WHAT YOU ARE ASKED TO DO =>
In exact form, please repeat the records from their opening line down to the line with "(module Mounting_Holes:MountingHole_3mm (layer F.Cu) (at 181.5", including that line.

DATA FOR ANALYSIS =>
*** Begin section ***
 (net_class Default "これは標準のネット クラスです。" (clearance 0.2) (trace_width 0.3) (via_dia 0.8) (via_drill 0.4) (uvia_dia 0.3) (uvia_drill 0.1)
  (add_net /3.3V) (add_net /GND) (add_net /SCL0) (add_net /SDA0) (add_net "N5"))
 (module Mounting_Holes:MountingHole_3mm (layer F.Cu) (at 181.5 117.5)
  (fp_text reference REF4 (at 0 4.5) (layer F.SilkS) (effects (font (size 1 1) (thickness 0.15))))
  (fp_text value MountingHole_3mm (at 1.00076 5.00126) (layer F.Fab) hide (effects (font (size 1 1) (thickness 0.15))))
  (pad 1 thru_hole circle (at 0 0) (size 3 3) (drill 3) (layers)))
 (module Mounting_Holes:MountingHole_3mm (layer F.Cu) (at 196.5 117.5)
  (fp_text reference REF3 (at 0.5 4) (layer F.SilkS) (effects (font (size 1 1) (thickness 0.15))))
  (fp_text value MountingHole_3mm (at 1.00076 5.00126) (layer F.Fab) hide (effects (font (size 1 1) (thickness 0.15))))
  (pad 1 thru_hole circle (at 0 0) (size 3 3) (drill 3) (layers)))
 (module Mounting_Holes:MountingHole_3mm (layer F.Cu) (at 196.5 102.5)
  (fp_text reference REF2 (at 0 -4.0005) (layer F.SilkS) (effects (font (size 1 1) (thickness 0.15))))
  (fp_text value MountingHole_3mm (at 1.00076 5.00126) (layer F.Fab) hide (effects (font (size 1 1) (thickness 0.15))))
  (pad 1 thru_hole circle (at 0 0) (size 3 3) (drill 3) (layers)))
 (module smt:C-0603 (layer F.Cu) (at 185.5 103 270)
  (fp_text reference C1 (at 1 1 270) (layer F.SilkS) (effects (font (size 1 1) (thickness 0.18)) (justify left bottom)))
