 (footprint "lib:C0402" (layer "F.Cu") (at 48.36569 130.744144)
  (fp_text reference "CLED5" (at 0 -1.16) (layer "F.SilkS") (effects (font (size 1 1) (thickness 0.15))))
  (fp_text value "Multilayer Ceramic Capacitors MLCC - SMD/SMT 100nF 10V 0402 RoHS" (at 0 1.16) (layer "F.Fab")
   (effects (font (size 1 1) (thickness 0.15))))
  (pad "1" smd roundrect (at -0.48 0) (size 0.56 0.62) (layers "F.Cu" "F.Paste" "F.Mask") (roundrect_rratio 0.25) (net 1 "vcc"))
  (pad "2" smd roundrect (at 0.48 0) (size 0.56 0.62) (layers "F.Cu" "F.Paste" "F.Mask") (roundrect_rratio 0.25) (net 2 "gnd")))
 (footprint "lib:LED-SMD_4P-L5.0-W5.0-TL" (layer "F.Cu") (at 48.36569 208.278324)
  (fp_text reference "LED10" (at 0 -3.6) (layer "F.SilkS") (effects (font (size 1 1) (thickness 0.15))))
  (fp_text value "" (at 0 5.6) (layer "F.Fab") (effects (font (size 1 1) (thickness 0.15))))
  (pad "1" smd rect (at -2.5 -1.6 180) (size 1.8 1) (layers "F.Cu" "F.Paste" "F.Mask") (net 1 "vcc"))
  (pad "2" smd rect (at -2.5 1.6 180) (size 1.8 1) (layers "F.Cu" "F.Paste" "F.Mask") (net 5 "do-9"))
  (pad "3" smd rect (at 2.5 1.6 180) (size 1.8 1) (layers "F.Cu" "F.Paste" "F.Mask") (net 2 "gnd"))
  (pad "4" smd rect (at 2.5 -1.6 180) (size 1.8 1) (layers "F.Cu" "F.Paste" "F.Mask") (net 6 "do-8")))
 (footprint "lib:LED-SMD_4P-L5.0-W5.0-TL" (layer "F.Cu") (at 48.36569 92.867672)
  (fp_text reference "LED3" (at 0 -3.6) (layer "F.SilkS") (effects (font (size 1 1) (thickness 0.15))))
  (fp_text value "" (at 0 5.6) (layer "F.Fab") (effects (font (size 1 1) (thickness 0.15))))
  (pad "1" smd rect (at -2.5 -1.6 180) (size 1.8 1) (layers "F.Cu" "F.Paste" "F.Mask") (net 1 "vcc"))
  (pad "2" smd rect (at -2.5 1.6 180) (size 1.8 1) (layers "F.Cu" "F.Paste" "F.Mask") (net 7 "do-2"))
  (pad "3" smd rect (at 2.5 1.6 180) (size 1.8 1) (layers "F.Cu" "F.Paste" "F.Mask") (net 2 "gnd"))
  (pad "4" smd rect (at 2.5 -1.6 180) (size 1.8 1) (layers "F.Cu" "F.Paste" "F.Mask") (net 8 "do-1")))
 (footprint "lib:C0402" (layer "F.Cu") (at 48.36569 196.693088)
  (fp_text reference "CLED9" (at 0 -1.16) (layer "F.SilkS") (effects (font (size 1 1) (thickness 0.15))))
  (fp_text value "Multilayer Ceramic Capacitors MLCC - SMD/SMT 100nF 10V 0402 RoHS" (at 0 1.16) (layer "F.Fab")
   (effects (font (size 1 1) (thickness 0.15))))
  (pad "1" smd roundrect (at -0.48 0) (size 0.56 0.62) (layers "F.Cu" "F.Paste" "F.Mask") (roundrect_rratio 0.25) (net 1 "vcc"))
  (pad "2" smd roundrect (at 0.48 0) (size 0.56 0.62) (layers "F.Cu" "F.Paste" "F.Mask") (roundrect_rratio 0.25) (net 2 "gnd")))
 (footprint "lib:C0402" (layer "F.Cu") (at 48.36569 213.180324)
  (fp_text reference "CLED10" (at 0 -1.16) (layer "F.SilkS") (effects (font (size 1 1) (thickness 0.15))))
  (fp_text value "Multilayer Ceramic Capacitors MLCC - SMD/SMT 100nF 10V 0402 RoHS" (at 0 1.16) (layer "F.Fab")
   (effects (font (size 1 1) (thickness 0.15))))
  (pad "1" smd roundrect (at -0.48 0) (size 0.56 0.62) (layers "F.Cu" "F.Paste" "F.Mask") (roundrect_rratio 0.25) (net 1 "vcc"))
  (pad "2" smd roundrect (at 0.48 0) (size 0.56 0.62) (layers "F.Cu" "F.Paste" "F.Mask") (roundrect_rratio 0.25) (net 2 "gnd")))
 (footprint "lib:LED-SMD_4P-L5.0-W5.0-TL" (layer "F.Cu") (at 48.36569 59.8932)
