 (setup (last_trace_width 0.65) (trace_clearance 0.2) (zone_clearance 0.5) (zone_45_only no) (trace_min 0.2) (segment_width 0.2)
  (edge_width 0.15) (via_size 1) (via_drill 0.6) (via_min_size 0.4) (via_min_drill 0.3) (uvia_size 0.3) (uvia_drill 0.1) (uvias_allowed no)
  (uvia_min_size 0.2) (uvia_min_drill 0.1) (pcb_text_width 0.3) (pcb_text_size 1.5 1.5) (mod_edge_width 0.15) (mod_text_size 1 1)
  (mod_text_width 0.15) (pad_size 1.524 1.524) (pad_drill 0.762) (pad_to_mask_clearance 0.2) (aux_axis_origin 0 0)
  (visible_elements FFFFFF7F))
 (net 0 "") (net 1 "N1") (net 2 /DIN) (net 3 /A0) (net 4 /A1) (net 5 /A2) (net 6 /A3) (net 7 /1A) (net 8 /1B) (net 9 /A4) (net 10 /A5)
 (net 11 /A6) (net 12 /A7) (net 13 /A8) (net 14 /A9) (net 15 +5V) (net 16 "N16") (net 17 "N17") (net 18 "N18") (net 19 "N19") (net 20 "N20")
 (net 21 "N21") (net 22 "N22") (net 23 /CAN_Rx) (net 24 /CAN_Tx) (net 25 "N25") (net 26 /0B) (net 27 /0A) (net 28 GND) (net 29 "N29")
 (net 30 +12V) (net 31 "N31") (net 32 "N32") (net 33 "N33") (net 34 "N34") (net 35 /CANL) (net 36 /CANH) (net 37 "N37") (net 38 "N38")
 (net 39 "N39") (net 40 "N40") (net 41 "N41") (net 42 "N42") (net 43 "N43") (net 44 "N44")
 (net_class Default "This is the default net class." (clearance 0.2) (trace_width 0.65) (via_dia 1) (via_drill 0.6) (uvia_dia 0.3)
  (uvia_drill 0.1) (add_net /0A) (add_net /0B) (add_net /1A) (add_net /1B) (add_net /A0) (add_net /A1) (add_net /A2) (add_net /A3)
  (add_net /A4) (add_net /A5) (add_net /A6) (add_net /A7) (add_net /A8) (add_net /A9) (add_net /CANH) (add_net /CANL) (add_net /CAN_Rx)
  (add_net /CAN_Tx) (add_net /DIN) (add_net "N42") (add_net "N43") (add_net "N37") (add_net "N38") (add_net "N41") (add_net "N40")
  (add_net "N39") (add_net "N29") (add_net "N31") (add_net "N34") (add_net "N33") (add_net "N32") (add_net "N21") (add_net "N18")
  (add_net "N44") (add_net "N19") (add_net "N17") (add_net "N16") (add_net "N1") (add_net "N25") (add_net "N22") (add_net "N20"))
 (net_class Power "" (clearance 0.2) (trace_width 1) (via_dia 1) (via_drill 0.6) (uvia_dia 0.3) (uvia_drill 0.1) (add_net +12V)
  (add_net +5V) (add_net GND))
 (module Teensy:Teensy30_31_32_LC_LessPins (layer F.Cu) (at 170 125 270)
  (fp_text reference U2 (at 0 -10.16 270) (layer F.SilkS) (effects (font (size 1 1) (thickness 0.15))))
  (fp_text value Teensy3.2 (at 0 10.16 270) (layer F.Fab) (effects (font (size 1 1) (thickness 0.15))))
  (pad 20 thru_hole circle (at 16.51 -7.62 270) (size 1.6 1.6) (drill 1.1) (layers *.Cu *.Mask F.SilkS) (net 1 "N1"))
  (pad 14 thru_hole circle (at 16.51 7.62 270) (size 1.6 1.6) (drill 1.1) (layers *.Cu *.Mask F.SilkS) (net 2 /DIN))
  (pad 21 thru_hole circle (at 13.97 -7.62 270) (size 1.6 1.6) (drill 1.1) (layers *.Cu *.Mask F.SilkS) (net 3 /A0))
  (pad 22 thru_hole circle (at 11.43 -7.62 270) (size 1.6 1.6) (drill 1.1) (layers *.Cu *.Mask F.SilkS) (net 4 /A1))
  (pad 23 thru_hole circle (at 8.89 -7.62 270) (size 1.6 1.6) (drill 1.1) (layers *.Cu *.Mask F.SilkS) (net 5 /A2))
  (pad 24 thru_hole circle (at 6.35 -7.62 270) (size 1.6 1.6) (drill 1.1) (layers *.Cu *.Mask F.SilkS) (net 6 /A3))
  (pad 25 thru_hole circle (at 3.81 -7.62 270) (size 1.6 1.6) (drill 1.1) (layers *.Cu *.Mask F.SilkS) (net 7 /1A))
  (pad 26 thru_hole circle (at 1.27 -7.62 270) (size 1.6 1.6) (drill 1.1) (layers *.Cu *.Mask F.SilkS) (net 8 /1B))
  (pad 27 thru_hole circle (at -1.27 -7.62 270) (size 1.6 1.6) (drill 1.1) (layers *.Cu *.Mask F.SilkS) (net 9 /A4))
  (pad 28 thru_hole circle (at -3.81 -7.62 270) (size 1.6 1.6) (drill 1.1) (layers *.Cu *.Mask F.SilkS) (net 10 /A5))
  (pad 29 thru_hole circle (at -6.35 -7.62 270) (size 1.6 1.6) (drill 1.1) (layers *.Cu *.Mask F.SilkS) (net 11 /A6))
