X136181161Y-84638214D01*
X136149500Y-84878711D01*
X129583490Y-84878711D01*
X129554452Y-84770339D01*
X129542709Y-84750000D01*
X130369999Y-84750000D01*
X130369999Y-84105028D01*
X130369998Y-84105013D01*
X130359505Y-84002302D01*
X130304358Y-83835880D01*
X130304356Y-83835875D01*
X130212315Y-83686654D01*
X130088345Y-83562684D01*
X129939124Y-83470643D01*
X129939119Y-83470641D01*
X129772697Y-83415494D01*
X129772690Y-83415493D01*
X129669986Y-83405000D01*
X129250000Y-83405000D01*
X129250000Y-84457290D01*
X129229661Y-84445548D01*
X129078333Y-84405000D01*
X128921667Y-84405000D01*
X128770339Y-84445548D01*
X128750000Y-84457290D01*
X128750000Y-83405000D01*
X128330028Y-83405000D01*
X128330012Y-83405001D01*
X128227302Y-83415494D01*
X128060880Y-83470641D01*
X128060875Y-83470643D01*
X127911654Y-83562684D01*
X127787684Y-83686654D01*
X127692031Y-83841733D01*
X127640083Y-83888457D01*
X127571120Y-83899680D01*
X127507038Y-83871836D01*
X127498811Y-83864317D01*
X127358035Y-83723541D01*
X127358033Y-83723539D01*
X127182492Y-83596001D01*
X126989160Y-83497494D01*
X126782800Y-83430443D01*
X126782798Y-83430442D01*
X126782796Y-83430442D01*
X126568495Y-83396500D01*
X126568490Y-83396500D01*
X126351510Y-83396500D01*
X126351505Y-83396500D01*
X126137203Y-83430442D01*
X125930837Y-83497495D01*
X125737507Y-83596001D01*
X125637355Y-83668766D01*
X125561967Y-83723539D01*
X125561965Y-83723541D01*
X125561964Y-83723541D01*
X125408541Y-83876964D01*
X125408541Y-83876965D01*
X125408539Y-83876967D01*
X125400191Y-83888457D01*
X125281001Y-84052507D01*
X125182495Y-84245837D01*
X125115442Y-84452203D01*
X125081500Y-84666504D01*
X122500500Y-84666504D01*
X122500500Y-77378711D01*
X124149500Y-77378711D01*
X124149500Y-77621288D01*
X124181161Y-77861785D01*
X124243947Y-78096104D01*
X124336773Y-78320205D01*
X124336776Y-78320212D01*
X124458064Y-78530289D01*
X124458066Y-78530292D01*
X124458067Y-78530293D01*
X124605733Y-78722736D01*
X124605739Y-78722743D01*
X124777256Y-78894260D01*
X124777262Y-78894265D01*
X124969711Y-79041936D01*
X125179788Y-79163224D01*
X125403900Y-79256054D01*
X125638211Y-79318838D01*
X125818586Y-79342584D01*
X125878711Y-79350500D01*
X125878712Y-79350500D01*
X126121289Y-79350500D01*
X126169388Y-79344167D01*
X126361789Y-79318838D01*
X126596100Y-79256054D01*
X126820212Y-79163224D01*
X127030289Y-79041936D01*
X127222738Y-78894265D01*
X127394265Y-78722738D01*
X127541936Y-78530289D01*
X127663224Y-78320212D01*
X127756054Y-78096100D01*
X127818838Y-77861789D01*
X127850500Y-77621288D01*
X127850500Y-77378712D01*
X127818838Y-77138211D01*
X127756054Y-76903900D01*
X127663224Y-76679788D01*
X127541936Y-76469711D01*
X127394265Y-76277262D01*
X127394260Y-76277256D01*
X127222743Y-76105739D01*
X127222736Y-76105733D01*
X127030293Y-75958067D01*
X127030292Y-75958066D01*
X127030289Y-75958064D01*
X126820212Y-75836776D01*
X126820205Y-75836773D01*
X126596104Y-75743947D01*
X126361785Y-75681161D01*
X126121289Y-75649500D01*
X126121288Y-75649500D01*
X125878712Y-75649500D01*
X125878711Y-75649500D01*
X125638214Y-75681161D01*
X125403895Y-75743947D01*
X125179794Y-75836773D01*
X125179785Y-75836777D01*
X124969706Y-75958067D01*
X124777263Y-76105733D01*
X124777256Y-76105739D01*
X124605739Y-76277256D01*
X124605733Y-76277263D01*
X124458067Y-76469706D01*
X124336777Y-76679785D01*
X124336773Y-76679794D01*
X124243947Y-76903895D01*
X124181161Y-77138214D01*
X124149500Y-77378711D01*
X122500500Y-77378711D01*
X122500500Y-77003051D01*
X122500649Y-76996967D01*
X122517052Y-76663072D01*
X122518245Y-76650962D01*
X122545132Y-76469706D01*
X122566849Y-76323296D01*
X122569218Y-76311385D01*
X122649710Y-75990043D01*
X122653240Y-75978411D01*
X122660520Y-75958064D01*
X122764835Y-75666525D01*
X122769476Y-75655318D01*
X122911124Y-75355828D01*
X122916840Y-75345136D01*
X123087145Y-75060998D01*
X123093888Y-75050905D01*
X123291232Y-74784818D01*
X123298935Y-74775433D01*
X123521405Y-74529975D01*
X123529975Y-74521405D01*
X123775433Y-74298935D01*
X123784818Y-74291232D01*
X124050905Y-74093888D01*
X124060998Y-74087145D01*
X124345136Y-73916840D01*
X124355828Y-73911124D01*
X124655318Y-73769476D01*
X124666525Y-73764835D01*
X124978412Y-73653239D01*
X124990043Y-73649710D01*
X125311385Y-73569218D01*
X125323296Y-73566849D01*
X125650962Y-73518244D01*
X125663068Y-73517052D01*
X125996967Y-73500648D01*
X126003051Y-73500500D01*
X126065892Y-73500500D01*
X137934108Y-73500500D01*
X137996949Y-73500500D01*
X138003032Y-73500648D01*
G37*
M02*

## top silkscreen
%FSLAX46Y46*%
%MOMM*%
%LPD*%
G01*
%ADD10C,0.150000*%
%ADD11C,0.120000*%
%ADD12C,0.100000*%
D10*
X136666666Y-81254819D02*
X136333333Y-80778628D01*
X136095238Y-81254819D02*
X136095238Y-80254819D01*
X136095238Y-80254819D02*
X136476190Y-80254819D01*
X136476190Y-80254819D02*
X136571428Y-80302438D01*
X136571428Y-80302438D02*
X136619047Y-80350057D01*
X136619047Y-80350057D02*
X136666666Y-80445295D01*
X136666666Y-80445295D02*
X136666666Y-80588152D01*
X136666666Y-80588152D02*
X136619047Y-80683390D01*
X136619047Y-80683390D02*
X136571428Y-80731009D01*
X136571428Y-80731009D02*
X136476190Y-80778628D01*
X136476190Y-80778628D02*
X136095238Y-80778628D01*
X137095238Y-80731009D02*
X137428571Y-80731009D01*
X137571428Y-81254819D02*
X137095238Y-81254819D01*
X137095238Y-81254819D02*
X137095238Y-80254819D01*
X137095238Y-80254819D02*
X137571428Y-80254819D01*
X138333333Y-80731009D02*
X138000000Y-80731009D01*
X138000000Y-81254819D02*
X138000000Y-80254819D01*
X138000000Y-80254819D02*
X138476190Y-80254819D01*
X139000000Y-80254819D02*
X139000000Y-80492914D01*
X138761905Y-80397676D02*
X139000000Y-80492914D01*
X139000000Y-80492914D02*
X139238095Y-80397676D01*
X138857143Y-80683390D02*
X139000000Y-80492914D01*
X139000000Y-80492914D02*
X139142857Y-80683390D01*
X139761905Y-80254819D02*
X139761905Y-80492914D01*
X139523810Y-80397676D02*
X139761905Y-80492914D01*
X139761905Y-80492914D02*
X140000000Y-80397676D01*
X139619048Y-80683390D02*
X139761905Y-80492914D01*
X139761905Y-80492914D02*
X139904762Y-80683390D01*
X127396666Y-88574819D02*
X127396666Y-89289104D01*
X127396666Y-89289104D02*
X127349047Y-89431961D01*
*** End section ***
EXERCISE RESPONSE =>
 (net_class Default "これは標準のネット クラスです。" (clearance 0.2) (trace_width 0.3) (via_dia 0.8) (via_drill 0.4) (uvia_dia 0.3) (uvia_drill 0.1)
  (add_net /3.3V) (add_net /GND) (add_net /SCL0) (add_net /SDA0) (add_net "N5"))
 (module Mounting_Holes:MountingHole_3mm (layer F.Cu) (at 181.5 117.5)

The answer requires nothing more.